_What to work on:_ Using the records below, transcribe word for word the stretch from the line that contains "X85701481Y-78405000D02*" through the line that contains "X97025500Y-70312500D02*", both end lines included, and nothing else.

-*-

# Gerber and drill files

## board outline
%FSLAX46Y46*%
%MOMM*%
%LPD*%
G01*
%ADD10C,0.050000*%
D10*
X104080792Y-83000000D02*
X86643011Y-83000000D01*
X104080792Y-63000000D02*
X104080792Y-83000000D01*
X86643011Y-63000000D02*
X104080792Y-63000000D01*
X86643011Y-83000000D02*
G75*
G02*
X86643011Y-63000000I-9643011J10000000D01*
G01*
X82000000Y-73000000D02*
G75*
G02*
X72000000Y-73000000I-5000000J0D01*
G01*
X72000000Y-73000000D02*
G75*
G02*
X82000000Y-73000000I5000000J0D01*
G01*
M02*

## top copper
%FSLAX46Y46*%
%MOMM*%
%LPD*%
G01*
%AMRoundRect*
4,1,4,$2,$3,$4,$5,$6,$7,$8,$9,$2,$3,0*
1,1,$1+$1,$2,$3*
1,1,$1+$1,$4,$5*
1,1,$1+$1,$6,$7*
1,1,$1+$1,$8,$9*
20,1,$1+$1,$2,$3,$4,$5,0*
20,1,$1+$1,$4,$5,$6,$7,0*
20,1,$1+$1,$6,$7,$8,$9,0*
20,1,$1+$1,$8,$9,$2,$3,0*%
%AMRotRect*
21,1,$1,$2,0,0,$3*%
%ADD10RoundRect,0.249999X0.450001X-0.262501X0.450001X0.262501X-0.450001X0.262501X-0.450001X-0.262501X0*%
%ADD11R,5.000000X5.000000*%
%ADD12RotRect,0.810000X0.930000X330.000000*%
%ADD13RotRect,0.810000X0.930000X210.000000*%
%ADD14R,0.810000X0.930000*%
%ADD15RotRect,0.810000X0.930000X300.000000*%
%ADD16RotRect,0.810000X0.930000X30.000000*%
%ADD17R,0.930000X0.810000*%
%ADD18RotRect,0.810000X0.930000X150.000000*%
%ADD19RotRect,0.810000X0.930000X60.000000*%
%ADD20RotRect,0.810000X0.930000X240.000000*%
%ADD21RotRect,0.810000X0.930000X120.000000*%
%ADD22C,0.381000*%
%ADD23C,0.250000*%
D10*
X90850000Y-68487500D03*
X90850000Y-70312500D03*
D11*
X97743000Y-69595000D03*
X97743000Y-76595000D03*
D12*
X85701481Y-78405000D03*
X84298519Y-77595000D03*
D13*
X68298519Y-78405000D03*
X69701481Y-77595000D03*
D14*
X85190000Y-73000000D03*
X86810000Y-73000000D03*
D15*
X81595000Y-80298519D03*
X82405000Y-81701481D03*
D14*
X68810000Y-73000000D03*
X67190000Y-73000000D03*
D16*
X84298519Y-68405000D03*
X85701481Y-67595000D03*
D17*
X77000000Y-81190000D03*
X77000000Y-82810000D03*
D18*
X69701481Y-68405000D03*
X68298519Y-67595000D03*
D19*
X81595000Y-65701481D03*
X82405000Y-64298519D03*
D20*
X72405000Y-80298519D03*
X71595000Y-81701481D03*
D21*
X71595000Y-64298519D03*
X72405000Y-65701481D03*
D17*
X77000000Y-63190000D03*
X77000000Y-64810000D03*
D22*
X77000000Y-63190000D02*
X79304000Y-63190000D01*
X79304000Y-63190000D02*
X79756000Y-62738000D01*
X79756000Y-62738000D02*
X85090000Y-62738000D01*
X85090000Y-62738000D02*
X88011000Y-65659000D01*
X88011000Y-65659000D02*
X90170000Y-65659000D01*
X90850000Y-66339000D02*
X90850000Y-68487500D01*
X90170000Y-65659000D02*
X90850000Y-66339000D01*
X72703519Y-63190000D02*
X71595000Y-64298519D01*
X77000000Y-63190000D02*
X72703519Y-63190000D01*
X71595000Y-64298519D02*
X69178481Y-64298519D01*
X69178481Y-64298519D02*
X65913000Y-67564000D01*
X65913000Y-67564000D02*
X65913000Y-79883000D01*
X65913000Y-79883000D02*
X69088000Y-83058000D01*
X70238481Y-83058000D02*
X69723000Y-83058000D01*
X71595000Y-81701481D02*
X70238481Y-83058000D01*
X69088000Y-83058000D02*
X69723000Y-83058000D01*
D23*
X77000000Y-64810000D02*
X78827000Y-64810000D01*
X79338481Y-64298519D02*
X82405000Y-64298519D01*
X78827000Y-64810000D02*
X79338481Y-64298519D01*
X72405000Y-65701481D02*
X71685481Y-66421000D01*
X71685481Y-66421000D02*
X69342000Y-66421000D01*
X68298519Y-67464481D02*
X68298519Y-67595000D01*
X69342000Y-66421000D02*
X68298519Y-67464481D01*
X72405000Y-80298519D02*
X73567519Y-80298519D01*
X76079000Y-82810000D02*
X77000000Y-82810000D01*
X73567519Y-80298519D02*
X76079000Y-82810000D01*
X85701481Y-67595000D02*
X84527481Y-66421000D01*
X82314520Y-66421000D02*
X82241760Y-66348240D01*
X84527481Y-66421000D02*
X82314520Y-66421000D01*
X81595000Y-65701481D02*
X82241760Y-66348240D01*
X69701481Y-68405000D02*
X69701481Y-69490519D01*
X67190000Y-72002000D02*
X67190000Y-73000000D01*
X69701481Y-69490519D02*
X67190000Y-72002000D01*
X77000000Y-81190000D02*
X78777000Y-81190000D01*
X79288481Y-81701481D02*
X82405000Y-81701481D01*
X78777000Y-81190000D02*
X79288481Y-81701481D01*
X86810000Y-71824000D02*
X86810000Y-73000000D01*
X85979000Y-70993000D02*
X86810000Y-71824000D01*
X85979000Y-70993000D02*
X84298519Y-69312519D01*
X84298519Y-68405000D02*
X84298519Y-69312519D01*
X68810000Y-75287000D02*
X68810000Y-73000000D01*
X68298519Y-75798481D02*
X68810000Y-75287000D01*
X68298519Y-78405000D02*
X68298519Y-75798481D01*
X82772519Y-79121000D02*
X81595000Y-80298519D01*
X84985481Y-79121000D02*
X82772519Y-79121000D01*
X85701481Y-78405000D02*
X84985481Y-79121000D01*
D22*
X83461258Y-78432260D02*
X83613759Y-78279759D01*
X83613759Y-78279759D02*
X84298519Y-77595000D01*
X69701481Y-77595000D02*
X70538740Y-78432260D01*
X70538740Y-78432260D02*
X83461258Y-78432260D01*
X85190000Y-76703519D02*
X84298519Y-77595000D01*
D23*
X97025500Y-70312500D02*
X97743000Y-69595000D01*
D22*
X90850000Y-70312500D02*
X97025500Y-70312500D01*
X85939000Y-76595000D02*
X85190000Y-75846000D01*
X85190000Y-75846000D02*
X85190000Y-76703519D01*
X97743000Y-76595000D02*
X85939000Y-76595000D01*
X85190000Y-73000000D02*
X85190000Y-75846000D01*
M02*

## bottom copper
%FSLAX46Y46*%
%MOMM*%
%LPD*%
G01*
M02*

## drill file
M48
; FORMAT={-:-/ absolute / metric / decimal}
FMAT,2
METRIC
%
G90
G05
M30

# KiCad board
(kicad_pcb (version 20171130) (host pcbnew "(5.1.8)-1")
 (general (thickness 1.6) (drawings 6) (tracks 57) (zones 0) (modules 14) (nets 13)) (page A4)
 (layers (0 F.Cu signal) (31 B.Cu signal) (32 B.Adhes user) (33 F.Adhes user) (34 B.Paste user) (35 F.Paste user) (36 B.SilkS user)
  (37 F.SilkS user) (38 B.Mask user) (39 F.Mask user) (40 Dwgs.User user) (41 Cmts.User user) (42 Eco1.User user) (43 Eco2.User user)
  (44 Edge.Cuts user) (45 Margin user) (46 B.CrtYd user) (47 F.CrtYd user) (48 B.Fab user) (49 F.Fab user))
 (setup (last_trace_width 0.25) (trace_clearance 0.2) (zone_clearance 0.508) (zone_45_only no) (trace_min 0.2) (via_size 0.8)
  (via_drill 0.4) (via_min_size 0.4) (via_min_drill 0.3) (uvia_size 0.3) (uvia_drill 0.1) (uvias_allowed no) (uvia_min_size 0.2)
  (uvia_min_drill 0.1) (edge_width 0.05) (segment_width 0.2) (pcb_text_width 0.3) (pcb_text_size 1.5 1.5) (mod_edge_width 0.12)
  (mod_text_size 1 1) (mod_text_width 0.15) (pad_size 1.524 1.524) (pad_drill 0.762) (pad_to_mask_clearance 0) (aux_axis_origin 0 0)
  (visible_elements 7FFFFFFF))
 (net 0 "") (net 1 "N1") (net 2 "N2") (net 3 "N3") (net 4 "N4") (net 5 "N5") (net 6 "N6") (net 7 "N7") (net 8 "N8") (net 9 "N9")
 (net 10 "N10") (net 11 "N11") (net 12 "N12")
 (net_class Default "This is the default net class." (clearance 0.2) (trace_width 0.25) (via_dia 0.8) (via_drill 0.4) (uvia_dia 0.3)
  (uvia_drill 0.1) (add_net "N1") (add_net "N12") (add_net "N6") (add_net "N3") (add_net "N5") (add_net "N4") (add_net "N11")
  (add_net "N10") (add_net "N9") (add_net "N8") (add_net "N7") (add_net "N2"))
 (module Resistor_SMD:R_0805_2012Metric (layer F.Cu) (at 90.85 69.4 90)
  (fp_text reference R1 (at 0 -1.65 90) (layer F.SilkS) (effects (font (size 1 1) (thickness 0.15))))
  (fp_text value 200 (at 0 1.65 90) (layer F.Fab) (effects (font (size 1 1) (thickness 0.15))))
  (pad 2 smd roundrect (at 0.9125 0 90) (size 1.025 1.4) (layers F.Cu F.Paste F.Mask) (roundrect_rratio 0.2439014634146341) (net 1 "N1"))
  (pad 1 smd roundrect (at -0.9125 0 90) (size 1.025 1.4) (layers F.Cu F.Paste F.Mask) (roundrect_rratio 0.2439014634146341) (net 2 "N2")))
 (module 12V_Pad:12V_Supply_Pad (layer F.Cu) (at 102.743 65.595 270)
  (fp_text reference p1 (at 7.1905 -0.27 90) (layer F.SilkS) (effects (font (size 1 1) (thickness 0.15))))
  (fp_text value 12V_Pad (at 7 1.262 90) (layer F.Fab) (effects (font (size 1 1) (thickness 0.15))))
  (pad 1 smd rect (at 4 5 270) (size 5 5) (layers F.Cu F.Paste F.Mask) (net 2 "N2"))
  (pad 2 smd rect (at 11 5 270) (size 5 5) (layers F.Cu F.Paste F.Mask) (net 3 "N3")))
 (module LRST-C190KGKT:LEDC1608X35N (layer F.Cu) (at 85 78 330)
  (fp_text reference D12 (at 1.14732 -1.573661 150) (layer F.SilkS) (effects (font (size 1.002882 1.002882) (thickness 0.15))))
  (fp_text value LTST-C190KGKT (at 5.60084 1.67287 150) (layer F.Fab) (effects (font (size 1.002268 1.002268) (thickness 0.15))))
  (pad A smd rect (at 0.81 0 330) (size 0.81 0.93) (layers F.Cu F.Paste F.Mask) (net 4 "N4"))
  (pad C smd rect (at -0.81 0 330) (size 0.81 0.93) (layers F.Cu F.Paste F.Mask) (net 3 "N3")))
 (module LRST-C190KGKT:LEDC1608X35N (layer F.Cu) (at 69 78 210)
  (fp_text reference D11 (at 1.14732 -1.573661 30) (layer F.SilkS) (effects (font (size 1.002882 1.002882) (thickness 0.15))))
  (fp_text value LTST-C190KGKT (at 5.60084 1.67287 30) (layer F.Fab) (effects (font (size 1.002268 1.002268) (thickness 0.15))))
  (pad A smd rect (at 0.81 0 210) (size 0.81 0.93) (layers F.Cu F.Paste F.Mask) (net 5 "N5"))
  (pad C smd rect (at -0.81 0 210) (size 0.81 0.93) (layers F.Cu F.Paste F.Mask) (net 3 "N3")))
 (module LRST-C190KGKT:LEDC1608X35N (layer F.Cu) (at 86 73)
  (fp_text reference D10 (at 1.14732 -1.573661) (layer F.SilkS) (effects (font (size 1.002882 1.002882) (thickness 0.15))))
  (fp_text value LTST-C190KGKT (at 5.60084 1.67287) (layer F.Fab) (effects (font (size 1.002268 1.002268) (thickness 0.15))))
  (pad C smd rect (at -0.81 0) (size 0.81 0.93) (layers F.Cu F.Paste F.Mask) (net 3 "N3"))
  (pad A smd rect (at 0.81 0) (size 0.81 0.93) (layers F.Cu F.Paste F.Mask) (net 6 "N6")))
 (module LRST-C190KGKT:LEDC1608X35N (layer F.Cu) (at 82 81 300)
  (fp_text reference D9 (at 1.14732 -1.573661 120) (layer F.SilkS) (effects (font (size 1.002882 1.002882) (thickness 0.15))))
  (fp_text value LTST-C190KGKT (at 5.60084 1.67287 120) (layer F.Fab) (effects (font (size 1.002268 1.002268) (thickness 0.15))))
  (pad C smd rect (at -0.81 0 300) (size 0.81 0.93) (layers F.Cu F.Paste F.Mask) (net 4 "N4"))
  (pad A smd rect (at 0.81 0 300) (size 0.81 0.93) (layers F.Cu F.Paste F.Mask) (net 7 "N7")))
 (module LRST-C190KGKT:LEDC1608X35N (layer F.Cu) (at 68 73 180)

-*-

_Answer to the exercise:_
X85701481Y-78405000D02*
X84985481Y-79121000D01*
D22*
X83461258Y-78432260D02*
X83613759Y-78279759D01*
X83613759Y-78279759D02*
X84298519Y-77595000D01*
X69701481Y-77595000D02*
X70538740Y-78432260D01*
X70538740Y-78432260D02*
X83461258Y-78432260D01*
X85190000Y-76703519D02*
X84298519Y-77595000D01*
D23*
X97025500Y-70312500D02*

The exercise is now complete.